# Yet Another Lathe Wiring Issue/ Question



## lowlife (Apr 4, 2015)

I have a Enterprise el2 lathe I am trying to wire up.
I have a Hitachi wj200 VFD
The enterprise has a 2 speed motor. I had to guess which wires were the high speed by tracing them from and to the high speed switching contacts so I think I am probably correct in my estimation of which wires are which. The motor will turn very slowly.

Hopefully enough background now to the issue. When I run the VFD it goes to 11 hz and stops. If I continue for about 30 secs or so it will pop a code. I cant remember the number off the top of my head but it was due to a user parameter set number

I went over my programming multiple times and can find no errors. Now D002 which monitors current goes to 16 which I assume if correct is way over what the VFD is designed for and the motor in high speed is rated for roughly 9 amps.

I believe I either have the wrong 3 wires picked for the high speed or I may have a defective motor. I have no knowledge of how to ohm a 3 phase motor to see if anything is shorted. The motor will turn over slowly however as I stated earlier.  Any other things I could have missed? Thanks JK

In addition I have no idea how many poles are on the motor I put 4 briefly tried 6 with no luck> It is not listed on the motor


----------



## lowlife (Apr 4, 2015)

Ok so 15 minutes later I went out and for grins flipped the switch. It works and draws 5 amps which seems a bit low for even the low speed amp draw listed on the motor. Does anyone have a wiring diagram. I'm lost w/o it? I might just go buy a 3hp 3ph single speed motor just for piece of mind.

I'm going to go out to the skid loader now, I k now what I'm doing there so I can increase my self esteem!!!!!!

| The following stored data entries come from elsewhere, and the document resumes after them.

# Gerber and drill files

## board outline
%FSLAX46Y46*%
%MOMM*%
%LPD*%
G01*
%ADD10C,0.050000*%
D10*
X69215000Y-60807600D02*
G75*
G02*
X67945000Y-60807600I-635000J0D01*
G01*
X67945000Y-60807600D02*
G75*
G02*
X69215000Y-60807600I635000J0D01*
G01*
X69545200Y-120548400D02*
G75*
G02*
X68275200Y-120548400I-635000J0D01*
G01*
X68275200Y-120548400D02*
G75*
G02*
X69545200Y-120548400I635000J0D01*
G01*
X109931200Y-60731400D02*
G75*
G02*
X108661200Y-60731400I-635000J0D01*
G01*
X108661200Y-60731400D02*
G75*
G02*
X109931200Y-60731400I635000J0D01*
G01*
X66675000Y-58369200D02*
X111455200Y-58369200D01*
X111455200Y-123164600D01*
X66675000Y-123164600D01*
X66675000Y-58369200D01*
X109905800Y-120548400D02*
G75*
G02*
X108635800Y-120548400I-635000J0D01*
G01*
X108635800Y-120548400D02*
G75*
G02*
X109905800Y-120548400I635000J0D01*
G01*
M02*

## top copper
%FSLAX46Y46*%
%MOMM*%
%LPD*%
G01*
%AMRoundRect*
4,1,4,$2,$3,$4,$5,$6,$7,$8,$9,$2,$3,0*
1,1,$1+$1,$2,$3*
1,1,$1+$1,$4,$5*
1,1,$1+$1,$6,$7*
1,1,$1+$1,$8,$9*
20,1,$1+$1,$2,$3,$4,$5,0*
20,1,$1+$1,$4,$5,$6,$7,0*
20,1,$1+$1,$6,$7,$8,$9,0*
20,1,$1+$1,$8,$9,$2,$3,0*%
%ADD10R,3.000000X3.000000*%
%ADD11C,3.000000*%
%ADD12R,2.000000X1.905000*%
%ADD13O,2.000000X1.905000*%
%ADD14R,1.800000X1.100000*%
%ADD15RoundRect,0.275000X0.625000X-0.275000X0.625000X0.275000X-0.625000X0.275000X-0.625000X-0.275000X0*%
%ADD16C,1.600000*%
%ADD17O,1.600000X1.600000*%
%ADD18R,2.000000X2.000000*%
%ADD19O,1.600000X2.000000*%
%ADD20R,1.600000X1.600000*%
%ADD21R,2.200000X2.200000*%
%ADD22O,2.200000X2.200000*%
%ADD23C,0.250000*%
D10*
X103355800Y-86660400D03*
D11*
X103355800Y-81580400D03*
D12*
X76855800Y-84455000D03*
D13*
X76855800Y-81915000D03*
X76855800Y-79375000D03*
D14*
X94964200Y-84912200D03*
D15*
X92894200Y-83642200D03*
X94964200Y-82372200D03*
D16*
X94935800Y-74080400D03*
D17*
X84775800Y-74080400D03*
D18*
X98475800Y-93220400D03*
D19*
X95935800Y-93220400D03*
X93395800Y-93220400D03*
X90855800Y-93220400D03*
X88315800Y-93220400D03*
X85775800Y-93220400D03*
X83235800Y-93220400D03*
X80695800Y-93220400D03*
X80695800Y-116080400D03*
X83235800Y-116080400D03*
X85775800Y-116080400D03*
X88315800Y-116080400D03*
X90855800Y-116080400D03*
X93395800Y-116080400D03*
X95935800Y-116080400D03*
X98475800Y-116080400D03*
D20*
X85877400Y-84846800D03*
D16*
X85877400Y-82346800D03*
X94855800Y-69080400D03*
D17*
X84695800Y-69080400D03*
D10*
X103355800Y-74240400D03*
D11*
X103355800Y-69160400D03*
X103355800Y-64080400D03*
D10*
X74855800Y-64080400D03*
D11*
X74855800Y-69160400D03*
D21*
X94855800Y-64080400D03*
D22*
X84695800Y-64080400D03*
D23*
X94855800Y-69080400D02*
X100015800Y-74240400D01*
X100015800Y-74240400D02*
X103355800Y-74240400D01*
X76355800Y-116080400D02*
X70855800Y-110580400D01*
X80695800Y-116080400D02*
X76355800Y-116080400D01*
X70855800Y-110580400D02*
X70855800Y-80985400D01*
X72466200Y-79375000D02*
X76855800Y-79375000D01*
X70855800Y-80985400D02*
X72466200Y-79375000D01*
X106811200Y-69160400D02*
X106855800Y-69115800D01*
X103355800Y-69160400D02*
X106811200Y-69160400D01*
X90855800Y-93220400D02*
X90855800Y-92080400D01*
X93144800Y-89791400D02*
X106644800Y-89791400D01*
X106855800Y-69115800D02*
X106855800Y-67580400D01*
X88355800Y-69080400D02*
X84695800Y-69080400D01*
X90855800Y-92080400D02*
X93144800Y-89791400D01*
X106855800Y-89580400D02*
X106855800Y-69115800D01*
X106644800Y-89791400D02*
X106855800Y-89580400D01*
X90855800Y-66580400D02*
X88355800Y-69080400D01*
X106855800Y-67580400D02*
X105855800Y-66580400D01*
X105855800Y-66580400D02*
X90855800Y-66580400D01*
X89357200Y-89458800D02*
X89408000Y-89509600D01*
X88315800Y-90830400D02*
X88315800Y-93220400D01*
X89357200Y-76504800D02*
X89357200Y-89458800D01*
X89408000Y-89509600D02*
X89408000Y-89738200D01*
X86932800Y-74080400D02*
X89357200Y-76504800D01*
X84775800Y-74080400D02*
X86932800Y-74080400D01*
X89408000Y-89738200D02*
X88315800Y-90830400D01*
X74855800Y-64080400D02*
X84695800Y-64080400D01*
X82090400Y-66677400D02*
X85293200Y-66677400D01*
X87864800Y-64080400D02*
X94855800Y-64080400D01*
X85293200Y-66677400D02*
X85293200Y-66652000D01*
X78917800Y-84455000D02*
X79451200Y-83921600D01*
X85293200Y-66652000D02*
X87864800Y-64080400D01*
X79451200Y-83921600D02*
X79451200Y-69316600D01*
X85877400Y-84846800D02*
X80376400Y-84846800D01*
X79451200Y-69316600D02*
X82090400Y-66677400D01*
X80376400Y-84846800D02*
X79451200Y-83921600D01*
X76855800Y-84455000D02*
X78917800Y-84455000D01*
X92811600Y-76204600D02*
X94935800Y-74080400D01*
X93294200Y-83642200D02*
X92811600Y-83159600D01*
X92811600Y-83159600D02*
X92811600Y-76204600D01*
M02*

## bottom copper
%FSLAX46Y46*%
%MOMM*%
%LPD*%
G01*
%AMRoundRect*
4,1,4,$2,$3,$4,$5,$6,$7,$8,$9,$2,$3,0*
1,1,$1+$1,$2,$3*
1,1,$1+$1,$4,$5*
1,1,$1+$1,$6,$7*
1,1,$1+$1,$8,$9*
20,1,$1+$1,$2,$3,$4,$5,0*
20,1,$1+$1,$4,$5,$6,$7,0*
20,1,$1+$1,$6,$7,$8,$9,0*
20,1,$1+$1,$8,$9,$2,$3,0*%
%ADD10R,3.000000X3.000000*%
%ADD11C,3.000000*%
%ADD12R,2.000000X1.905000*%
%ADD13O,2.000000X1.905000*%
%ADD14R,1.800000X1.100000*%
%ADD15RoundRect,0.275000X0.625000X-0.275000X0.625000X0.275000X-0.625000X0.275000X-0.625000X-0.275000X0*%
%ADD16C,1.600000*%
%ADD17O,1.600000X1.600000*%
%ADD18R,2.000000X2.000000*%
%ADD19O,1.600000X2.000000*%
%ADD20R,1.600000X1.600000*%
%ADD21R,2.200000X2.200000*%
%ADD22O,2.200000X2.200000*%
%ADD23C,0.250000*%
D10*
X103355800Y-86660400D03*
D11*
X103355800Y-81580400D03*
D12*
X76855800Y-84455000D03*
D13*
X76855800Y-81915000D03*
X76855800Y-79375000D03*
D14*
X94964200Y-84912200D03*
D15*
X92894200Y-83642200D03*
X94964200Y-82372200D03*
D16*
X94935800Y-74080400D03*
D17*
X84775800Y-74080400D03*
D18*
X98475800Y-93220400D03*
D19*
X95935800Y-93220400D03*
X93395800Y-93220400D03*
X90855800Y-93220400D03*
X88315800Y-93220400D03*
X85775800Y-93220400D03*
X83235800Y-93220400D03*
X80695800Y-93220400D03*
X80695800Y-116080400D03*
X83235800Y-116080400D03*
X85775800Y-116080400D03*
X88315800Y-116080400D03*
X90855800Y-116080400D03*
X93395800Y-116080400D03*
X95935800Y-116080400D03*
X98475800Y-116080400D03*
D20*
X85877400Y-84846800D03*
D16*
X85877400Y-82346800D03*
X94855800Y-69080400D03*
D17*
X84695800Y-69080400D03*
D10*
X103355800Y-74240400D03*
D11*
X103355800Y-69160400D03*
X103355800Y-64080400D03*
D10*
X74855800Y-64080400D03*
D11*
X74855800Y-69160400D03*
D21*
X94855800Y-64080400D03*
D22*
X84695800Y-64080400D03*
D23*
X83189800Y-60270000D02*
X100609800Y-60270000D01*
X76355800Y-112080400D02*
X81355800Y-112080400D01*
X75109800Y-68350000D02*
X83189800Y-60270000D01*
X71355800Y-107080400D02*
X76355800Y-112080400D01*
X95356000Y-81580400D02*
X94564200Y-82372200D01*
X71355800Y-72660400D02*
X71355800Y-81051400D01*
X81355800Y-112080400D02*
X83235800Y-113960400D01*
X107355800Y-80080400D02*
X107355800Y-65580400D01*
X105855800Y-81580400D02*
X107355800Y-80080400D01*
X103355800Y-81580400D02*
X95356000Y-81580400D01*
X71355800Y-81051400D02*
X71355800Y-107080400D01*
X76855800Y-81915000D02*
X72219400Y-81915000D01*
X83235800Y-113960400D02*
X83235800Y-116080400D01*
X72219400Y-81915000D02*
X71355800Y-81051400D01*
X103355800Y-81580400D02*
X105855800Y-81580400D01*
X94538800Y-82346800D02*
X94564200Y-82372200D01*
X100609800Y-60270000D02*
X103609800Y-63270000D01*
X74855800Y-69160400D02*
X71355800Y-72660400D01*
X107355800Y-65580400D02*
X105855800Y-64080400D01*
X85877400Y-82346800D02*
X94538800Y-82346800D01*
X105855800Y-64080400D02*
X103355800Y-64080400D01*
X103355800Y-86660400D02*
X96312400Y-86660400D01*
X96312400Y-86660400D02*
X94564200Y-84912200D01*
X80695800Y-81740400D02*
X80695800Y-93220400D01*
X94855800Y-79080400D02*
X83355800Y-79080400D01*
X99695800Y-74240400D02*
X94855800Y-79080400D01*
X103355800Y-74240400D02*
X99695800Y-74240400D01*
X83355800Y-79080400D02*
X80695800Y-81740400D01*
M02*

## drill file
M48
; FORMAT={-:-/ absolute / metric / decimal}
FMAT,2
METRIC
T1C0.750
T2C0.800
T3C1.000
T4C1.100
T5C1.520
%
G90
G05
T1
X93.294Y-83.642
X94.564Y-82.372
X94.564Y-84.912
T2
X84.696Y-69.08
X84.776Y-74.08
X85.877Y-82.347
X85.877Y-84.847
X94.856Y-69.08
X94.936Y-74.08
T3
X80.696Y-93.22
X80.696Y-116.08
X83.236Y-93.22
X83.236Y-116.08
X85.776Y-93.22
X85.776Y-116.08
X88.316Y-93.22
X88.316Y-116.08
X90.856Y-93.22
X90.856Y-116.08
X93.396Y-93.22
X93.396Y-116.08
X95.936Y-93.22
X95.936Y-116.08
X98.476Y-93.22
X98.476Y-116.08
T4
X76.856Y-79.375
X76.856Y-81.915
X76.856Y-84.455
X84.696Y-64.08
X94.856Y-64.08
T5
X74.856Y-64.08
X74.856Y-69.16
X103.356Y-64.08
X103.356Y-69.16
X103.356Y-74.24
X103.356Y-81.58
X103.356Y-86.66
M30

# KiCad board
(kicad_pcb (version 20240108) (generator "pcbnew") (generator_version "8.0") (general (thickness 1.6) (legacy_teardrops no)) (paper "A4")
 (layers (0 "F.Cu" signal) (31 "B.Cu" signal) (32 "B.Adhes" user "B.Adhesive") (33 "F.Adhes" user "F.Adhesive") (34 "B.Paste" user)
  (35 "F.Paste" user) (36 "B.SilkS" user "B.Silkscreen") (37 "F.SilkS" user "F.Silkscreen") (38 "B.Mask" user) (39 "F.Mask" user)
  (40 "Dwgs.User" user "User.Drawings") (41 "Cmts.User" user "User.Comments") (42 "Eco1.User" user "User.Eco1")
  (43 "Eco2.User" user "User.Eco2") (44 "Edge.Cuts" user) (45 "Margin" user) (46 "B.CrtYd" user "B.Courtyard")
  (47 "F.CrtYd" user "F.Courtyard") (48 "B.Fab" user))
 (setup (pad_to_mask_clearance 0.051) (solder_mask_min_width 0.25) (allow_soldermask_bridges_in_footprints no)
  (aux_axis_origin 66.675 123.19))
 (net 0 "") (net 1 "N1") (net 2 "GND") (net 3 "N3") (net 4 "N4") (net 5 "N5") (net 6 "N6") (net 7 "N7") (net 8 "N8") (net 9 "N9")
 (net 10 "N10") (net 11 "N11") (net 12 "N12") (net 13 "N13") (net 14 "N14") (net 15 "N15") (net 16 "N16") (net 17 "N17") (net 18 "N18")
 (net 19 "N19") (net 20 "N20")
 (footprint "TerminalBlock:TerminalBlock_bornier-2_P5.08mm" (layer "F.Cu") (at 103.3558 86.6604 90)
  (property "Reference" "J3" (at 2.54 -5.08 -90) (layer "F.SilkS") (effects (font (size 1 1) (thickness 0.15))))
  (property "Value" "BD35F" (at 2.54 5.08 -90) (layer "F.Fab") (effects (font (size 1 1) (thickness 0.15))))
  (pad "1" thru_hole rect (at 0 0 90) (size 3 3) (drill 1.52) (layers "*.Cu" "*.Mask") (remove_unused_layers no) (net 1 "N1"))
  (pad "2" thru_hole circle (at 5.08 0 90) (size 3 3) (drill 1.52) (layers "*.Cu" "*.Mask") (remove_unused_layers no) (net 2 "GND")))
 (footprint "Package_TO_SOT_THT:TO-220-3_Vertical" (layer "F.Cu") (at 76.8558 84.455 90)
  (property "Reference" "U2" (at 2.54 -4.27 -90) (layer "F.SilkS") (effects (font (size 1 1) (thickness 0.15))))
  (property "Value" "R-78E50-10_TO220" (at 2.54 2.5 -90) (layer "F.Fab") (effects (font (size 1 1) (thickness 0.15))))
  (pad "1" thru_hole rect (at 0 0 90) (size 1.905 2) (drill 1.1) (layers "*.Cu" "*.Mask") (remove_unused_layers no) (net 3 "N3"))
  (pad "2" thru_hole oval (at 2.54 0 90) (size 1.905 2) (drill 1.1) (layers "*.Cu" "*.Mask") (remove_unused_layers no) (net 2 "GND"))
  (pad "3" thru_hole oval (at 5.08 0 90) (size 1.905 2) (drill 1.1) (layers "*.Cu" "*.Mask") (remove_unused_layers no) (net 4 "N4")))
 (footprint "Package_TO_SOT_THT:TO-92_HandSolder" (layer "F.Cu") (at 94.5642 84.9122 90)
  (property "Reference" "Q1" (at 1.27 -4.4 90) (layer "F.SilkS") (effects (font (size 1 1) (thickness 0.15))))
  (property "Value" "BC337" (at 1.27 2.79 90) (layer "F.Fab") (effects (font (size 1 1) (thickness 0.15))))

Also I have no idea how to operate a lathe. What is the lever on the end of the keyed bar do? (the one that runs parallel to the lead screw) It is connected to 2 micro switches. Will I need to do anything with that as well once its up and running..............Now wheres that skid loader.............


----------



## lowlife (Apr 4, 2015)

Ok WTH? It runs when I put the programming into D002 and turn the switch on. It draws 5 or so amps. When I go back to monitoring Hz it goes to 11 and no further. Screw the skid loader this is going to require the backhoe!!!!! Maybe if I hit it hard enough it will cooperate!


----------



## Ulma Doctor (Apr 4, 2015)

if i read correctly the display is reading 11hz,
11hz is very low and may be overheating the temp sensor in the vfd.
most motors in north america are designed to run on 60hz when used conventionally without a vfd.
the vfd as the name implies, varies the frequency (Hz) of output. at 11 hz you are roughly 1/6 of normal op frequency.
that's ok for short periods of time, but the motor temperature will increase due to low air flow.
if you were to program for 60 hz and try again, your results may be quite different.


----------



## JimDawson (Apr 4, 2015)

I suspect that the high speed is wired as a 2 pole, and the low speed is wired as a 4 pole.  I'm not sure if this will help or not.


----------



## jim18655 (Apr 4, 2015)

Put it back the way it was and run the output of the VFD into the switch just like any 3 phase supply. Just don't try to change speeds while it's running.


----------



## lowlife (Apr 4, 2015)

Mr Dawson. So what you are saying is program 2 poles into the VFD

Jim18 I tried that originally maybe not correctly. I wired it directly to the main switch, turned it on, and put the 2 speed switch into the high position then took off both handles so they would stay in that position. There are 2 relays that need to be "pulled in" for forward and for reverse. I was concerned that would qualify as "The VFD doesnt like switches between it and the motor. I never tried it for that reason.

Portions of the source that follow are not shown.